* _Extracted data_:
↓
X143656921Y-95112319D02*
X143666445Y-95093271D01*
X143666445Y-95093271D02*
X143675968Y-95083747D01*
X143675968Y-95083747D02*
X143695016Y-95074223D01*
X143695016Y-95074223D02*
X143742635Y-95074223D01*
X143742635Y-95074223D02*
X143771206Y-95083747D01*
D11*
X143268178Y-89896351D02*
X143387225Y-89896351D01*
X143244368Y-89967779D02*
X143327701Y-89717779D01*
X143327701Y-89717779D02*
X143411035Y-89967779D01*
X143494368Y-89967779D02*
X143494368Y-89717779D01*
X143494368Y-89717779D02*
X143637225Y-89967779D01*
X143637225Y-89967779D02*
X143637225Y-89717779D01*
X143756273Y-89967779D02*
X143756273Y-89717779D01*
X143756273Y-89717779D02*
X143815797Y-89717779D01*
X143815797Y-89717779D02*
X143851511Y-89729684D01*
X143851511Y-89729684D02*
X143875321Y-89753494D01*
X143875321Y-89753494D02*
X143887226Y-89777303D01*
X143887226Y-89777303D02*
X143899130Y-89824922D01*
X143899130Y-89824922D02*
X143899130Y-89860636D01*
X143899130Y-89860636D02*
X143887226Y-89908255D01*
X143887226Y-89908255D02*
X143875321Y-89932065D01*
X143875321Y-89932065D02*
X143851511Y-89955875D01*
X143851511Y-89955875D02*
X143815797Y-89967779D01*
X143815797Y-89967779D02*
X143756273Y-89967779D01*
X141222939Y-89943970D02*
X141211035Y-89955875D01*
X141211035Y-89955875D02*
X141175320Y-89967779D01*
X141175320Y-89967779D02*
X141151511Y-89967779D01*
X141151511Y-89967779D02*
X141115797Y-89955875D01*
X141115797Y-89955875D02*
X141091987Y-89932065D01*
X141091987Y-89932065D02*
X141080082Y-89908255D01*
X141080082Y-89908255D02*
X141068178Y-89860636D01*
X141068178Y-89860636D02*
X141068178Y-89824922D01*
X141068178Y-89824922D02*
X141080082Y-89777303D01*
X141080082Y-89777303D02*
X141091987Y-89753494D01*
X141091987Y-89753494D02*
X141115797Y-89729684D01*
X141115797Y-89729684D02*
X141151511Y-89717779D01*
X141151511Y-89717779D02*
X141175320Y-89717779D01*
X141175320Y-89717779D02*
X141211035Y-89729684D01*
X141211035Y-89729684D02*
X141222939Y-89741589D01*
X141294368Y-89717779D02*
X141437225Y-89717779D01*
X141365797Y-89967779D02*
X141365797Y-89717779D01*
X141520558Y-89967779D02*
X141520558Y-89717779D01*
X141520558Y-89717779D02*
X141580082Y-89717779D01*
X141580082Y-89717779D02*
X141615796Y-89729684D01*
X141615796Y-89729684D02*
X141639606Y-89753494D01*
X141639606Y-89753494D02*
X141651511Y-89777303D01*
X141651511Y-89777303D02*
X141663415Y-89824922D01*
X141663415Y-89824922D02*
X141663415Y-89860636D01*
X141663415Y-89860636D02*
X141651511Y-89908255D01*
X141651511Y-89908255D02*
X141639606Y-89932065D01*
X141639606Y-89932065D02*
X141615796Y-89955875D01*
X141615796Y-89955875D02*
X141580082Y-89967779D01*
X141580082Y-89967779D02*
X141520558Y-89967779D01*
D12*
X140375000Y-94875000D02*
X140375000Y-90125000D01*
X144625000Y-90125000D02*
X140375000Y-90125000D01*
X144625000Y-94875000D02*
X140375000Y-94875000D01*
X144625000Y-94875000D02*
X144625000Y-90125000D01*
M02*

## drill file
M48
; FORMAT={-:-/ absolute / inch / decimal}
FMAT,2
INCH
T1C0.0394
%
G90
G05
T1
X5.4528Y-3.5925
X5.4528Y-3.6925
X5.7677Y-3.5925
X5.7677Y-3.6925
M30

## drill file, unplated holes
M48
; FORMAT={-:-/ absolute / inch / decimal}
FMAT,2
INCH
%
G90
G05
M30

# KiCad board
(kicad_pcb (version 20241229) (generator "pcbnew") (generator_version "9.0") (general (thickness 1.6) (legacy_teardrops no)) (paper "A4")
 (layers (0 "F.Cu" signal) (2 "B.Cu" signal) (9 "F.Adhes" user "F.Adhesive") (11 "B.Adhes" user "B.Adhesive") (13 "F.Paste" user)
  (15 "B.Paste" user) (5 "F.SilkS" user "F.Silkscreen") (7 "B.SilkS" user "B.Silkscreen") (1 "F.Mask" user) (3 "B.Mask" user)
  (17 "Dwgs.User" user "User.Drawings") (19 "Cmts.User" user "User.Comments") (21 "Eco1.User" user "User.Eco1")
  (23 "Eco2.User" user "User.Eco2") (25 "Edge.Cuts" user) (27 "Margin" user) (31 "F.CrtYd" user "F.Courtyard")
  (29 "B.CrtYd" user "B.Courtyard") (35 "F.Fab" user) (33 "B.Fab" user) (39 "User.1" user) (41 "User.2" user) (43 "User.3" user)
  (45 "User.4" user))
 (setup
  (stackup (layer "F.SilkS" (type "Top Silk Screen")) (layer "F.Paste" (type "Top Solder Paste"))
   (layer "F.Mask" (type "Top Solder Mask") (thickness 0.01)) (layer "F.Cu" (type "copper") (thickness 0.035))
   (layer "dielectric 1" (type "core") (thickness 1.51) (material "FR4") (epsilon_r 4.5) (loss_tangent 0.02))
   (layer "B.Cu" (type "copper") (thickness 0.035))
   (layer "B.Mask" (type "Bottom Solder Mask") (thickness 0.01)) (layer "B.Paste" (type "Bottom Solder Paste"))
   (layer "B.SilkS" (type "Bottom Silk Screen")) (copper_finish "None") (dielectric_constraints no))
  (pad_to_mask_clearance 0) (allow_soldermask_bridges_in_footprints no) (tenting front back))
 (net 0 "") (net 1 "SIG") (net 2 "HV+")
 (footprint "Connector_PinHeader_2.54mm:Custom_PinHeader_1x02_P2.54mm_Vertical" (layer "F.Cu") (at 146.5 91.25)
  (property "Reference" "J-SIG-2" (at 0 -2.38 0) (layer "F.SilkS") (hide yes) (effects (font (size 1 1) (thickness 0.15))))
↑
* _Work instruction_: A verbatim transcription is needed of the lines above, starting at the line with "X141080082Y-89777303D02*" and ending at the line with "X141211035Y-89729684D01*", both included, and of nothing else.

* _Task solution_:
X141080082Y-89777303D02*
X141091987Y-89753494D01*
X141091987Y-89753494D02*
X141115797Y-89729684D01*
X141115797Y-89729684D02*
X141151511Y-89717779D01*
X141151511Y-89717779D02*
X141175320Y-89717779D01*
X141175320Y-89717779D02*
X141211035Y-89729684D01*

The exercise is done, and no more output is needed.